Hi Everyone,

Corey was very tired today…could still be jet lag. She barely made it through her session with Kate from 11-12. (When her eyes start to droop we call it 5 o’clock eyes). Nothing a nap and lunch couldn’t cure. Then it was back to PT.

During our session with Natalie, a therapist came in to ask our permission for a touring family to watch Corey work on the Lokomat. Of course we agreed. We met a father in his mid 60’s and a brother and sister in their 30’s. Their daughter/sister, 36, was recently in an accident. She is currently at University of Pennsylvania Hospital. They had been touring sub acute facilities (the brother called glorified nursing homes) and rehab hospitals; they are from southern Delaware. I don’t know the extent of the young woman’s injuries but the tears that spontaneously appeared in her families’ eyes told her story.
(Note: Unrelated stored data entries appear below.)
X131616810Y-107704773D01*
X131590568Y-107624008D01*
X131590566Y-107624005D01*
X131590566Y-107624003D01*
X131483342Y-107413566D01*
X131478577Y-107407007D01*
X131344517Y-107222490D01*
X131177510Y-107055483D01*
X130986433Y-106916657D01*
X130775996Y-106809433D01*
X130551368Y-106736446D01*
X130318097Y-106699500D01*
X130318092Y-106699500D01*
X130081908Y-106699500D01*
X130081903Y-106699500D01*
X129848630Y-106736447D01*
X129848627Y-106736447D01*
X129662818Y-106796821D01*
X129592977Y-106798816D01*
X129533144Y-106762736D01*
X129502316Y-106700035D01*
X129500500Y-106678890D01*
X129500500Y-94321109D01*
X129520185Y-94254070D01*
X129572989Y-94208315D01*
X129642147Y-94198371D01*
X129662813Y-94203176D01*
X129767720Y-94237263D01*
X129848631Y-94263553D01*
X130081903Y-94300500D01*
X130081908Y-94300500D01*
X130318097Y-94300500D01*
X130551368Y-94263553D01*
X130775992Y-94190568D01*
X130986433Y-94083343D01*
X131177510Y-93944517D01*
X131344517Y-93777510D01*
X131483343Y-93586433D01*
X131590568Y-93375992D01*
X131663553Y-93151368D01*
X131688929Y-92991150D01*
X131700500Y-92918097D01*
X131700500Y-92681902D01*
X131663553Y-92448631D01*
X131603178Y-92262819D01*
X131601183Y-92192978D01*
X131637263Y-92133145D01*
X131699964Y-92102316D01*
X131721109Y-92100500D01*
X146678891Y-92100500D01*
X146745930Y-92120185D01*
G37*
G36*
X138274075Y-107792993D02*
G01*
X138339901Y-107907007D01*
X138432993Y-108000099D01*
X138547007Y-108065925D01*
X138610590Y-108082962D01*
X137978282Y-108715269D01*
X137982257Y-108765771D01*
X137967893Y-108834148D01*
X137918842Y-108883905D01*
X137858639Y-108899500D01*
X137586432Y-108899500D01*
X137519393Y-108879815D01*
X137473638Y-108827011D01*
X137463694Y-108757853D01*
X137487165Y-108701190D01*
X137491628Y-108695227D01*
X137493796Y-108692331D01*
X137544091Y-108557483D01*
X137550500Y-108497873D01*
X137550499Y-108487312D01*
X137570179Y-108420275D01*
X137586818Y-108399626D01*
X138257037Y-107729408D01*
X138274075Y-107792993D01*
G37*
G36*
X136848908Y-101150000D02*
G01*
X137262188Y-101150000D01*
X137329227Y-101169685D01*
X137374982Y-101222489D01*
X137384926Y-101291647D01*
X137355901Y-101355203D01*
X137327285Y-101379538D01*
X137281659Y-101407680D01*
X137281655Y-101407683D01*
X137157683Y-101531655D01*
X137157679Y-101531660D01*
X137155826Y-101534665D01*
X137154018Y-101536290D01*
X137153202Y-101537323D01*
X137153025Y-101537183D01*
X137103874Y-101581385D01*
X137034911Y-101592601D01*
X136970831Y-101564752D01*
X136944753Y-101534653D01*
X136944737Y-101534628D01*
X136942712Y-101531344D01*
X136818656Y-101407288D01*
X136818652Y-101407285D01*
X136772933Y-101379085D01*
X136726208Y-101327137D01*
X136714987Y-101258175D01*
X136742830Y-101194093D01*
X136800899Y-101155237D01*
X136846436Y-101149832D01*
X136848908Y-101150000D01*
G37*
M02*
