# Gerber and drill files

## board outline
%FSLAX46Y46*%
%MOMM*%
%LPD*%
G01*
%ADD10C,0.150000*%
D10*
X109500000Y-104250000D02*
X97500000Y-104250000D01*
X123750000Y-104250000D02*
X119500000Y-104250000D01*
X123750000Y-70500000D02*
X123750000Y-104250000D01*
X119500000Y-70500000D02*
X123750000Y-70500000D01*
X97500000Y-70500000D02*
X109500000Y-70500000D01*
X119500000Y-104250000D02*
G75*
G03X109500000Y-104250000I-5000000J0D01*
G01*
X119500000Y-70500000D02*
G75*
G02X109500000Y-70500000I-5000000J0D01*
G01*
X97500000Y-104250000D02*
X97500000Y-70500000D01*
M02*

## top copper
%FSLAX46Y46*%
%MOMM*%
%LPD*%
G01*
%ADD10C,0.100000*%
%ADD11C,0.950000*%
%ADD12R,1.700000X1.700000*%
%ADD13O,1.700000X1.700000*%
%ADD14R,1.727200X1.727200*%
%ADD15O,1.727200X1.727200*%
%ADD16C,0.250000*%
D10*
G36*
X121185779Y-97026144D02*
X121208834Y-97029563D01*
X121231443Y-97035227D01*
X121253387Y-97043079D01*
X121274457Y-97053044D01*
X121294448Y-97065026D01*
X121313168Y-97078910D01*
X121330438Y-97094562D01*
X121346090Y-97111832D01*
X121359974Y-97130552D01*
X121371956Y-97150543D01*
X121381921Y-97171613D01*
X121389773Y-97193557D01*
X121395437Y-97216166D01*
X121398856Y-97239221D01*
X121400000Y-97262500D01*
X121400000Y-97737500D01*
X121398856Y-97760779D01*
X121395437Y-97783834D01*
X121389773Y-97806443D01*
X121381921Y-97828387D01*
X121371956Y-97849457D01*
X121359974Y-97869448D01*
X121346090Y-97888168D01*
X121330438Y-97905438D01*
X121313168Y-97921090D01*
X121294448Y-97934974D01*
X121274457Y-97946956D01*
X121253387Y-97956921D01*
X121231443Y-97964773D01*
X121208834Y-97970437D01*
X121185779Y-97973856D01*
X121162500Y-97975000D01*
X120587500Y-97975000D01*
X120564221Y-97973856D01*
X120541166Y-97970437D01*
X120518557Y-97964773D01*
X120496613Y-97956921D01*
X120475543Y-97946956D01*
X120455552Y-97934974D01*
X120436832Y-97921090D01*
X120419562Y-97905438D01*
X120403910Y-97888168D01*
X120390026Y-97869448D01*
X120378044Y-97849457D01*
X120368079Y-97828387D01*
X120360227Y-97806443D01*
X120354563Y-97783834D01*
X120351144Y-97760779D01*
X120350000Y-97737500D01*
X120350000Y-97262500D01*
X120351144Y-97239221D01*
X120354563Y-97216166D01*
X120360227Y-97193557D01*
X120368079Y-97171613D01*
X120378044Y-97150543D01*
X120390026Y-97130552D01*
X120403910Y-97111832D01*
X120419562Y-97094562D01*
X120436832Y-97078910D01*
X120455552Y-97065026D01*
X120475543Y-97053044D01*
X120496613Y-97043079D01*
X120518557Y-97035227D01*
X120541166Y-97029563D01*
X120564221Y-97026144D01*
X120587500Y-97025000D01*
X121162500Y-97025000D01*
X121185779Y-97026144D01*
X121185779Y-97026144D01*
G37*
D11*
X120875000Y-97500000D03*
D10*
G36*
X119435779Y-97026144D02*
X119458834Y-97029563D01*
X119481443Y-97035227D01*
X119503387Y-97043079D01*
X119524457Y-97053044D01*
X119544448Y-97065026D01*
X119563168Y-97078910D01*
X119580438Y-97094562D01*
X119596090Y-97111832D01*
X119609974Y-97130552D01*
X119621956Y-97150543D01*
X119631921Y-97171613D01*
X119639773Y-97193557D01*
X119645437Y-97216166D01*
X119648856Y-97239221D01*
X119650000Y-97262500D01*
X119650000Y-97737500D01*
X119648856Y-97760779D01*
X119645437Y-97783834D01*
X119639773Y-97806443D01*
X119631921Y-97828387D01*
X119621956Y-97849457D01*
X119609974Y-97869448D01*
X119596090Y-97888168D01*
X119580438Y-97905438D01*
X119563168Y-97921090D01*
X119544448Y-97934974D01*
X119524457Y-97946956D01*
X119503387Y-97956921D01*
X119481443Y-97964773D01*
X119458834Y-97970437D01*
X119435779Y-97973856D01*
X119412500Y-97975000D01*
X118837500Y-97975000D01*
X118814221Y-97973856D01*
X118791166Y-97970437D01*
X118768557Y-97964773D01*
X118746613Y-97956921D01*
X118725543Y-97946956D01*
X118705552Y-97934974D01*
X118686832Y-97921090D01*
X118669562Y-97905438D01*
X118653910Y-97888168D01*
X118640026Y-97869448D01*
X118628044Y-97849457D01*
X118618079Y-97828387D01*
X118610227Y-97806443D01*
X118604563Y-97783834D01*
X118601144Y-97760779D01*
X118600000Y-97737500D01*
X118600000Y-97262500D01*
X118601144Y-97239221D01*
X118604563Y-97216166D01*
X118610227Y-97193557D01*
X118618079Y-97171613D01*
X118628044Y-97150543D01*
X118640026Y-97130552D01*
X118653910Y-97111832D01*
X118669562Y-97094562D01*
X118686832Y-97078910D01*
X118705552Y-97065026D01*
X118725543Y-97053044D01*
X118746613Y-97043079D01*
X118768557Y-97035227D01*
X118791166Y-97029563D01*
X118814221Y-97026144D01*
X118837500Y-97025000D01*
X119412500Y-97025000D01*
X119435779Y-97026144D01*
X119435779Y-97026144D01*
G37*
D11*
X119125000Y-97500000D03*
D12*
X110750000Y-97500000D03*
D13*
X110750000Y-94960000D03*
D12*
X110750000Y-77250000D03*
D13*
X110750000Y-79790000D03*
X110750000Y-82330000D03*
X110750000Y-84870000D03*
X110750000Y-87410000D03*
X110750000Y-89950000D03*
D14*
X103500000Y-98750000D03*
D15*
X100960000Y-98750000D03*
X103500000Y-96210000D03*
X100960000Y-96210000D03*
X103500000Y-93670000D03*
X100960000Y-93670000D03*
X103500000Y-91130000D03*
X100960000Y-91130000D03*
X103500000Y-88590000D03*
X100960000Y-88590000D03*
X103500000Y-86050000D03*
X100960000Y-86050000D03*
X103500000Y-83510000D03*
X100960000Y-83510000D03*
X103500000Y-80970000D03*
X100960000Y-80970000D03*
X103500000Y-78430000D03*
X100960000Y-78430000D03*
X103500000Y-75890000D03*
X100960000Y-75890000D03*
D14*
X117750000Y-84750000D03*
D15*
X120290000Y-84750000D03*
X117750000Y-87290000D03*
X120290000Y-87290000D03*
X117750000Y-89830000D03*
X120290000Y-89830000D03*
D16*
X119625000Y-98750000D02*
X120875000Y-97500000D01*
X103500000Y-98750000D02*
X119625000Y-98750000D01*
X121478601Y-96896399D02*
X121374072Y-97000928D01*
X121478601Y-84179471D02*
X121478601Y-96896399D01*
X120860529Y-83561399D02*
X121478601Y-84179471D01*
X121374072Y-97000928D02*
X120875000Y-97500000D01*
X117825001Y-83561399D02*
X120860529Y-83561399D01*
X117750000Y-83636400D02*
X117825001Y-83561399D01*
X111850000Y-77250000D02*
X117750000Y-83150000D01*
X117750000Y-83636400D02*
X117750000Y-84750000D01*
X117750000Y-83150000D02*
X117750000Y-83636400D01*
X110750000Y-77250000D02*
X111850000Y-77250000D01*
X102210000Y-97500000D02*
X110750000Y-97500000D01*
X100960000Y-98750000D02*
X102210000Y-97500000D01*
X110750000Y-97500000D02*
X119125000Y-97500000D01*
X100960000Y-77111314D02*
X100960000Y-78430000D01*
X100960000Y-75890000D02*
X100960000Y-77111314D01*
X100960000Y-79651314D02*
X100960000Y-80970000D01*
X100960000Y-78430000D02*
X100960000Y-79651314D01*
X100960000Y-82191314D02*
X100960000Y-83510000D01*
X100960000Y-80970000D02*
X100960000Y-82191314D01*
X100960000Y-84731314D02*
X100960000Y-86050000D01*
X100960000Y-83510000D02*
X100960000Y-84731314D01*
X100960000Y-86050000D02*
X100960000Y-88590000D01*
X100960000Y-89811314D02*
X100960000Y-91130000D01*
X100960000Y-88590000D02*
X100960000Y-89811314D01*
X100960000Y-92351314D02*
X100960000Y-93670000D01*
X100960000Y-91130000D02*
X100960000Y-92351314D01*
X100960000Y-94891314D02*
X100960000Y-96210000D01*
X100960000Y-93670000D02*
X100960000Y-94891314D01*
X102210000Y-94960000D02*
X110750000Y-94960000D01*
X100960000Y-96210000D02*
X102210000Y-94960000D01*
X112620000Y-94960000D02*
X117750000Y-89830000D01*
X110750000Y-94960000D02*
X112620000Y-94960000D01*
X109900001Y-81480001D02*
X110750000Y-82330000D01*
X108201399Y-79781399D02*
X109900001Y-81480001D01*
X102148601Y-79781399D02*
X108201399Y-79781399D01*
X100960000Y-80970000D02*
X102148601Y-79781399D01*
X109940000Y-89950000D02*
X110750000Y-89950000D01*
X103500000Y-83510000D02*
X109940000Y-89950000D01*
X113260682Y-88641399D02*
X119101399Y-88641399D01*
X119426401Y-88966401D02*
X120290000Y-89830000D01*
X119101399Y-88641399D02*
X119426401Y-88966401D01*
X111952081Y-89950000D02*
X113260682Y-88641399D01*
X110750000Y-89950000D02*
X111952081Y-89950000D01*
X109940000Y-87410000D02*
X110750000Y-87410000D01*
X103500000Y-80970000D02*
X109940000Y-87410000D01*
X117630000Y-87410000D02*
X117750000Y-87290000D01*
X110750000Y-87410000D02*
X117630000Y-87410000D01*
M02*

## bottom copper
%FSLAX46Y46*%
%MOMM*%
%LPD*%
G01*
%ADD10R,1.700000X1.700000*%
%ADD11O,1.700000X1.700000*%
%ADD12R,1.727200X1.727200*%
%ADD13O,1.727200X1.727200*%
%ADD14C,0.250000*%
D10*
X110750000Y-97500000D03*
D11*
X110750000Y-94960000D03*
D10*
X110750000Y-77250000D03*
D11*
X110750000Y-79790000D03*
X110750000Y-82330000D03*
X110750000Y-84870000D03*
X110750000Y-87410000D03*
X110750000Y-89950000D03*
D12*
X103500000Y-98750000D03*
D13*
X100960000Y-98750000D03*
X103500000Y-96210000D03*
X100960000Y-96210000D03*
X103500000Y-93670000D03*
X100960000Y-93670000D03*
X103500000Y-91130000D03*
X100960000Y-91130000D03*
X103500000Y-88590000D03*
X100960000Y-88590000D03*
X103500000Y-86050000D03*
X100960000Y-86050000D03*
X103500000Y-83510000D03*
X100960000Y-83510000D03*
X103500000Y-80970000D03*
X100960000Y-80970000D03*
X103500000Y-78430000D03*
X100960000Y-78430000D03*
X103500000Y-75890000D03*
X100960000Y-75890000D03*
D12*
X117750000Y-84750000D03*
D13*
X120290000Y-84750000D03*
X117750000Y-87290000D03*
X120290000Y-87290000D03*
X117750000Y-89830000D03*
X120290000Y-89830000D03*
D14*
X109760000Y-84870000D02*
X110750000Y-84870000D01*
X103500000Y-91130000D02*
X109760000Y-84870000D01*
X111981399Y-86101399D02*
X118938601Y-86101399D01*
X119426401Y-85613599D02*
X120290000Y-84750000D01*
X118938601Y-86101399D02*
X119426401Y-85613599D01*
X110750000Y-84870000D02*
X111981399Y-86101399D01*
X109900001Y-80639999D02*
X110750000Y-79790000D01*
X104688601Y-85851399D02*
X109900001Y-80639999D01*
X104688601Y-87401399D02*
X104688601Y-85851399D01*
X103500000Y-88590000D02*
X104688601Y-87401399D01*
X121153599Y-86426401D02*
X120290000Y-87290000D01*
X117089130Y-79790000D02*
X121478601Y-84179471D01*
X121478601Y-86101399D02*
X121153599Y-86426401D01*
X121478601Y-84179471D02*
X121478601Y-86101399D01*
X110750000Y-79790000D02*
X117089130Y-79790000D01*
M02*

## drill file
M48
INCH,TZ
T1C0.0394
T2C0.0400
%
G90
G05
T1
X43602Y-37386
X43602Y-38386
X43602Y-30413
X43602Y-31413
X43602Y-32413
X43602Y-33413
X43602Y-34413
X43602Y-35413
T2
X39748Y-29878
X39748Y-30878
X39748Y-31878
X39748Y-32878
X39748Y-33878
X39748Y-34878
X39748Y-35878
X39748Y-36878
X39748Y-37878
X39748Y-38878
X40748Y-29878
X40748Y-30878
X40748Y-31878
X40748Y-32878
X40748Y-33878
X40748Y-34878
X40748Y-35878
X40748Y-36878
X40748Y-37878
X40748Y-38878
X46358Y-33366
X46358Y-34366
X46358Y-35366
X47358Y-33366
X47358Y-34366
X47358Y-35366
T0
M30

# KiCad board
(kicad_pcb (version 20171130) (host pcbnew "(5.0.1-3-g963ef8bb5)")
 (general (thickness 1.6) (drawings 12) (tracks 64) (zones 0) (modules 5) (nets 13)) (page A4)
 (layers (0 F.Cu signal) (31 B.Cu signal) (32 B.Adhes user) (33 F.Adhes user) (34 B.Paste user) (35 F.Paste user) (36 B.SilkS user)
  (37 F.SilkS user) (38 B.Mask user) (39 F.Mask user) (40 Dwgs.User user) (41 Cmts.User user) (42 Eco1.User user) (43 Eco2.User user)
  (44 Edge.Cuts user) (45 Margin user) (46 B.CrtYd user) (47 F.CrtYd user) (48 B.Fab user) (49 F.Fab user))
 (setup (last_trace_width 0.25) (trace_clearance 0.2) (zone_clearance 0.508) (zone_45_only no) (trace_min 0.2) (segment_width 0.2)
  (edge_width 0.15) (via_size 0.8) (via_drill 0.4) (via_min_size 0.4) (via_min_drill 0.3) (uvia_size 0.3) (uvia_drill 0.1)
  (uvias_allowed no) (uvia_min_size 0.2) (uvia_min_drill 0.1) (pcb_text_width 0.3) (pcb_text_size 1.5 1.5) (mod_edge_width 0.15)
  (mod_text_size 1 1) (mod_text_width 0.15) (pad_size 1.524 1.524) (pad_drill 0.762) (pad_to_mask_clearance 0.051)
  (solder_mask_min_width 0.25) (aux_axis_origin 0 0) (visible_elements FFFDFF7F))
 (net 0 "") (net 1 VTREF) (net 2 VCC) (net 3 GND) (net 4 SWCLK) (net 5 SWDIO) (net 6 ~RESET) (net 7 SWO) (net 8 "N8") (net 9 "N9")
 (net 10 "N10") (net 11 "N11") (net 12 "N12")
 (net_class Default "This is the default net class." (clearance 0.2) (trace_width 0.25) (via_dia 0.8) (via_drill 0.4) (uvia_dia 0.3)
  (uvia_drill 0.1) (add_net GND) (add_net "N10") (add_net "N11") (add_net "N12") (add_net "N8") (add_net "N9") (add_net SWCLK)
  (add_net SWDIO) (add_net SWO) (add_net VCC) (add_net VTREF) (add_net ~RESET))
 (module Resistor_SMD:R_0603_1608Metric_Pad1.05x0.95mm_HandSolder (layer F.Cu) (at 120 97.5 180)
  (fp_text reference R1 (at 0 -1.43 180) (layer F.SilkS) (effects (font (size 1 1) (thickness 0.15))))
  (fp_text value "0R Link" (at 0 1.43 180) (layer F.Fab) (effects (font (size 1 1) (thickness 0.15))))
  (pad 1 smd roundrect (at -0.875 0 180) (size 1.05 0.95) (layers F.Cu F.Paste F.Mask) (roundrect_rratio 0.25) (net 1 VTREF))
  (pad 2 smd roundrect (at 0.875 0 180) (size 1.05 0.95) (layers F.Cu F.Paste F.Mask) (roundrect_rratio 0.25) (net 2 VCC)))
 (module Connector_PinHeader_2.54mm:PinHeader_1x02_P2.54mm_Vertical (layer F.Cu) (at 110.75 97.5 180)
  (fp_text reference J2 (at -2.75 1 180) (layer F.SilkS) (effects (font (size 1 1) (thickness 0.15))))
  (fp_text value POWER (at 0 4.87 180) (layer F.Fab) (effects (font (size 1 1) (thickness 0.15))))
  (pad 1 thru_hole rect (at 0 0 180) (size 1.7 1.7) (drill 1) (layers *.Cu *.Mask) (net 2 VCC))
  (pad 2 thru_hole oval (at 0 2.54 180) (size 1.7 1.7) (drill 1) (layers *.Cu *.Mask) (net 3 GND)))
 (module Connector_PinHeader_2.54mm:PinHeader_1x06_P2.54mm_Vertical (layer F.Cu) (at 110.75 77.25)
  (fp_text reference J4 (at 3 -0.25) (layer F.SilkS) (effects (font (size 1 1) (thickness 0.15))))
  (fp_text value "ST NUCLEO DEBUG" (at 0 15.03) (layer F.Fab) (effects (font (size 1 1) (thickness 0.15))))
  (pad 1 thru_hole rect (at 0 0) (size 1.7 1.7) (drill 1) (layers *.Cu *.Mask) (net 1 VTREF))
  (pad 2 thru_hole oval (at 0 2.54) (size 1.7 1.7) (drill 1) (layers *.Cu *.Mask) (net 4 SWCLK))
  (pad 3 thru_hole oval (at 0 5.08) (size 1.7 1.7) (drill 1) (layers *.Cu *.Mask) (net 3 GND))
  (pad 4 thru_hole oval (at 0 7.62) (size 1.7 1.7) (drill 1) (layers *.Cu *.Mask) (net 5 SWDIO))
  (pad 5 thru_hole oval (at 0 10.16) (size 1.7 1.7) (drill 1) (layers *.Cu *.Mask) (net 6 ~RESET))
  (pad 6 thru_hole oval (at 0 12.7) (size 1.7 1.7) (drill 1) (layers *.Cu *.Mask) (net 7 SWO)))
Her father introduced himself but stood back towards the door. Her brother sat beside me and politely asked about Corey. Her sister stood, arms crossed, watching from a distance. I recognized the body language.

I shared the clinical details resulting from Corey’s accident but chose to focus on what it was like for us to live on the Maple unit at the beginning of her recovery. I shared what Corey couldn’t do when we arrived; highlighting some key treatments she had as an inpatient, our moving home, our work at home culminating to her progressing back to Bryn Mawr for outpatient therapy. All 3 listened intently as they stared at Corey. Each of them crying as they listened to words they weren’t sure would apply to their family.

The dad slowly moved closer, sat beside me and asked, “How are you doing”? I simply stated, “There are some really hard days”. “Try to keep positive and talk to your daughter as if it is the day before her accident because she’s in there and can hear you.” “At the end of the day, that’s when you get to go to your room and cry”. He wiped his tears and reached for my hand; he understood. He stood up and moved closer to get a better angle of Corey walking on the Lokomat. She turned to look at him and smiled which was contagious for him. He looked at her but I knew he saw his own “little girl”, wondering if he would in fact “see” her on this machine one day.

They politely thanked us as they began to leave to continue their tour. I extended my hand to say goodbye when the Dad reached in for a bear hug. I whispered to him, “I know how hard today is for you. Two years ago it was hard for me to imagine that we would be in this room but we are”.

There’s a trite saying that when one door closes, another opens. I used to tease that if I couldn’t find the new door, I would find the window, pick the lock and remove the screen! That confident statement has been put to the test on a daily basis for sometime now.

Corey sometimes it’s hard to have Faith and Believe that things will get better when your reality presents obstacles that seem impossible to overcome. Sometime’s you have to rely on other people to Believe for you so you can just get through the next threshold…then one day you catch yourself genuinely “feeling it”. It reaffirms why we can never give up and never give in…because one day, despite where we started, we find our selves in a much better “room”.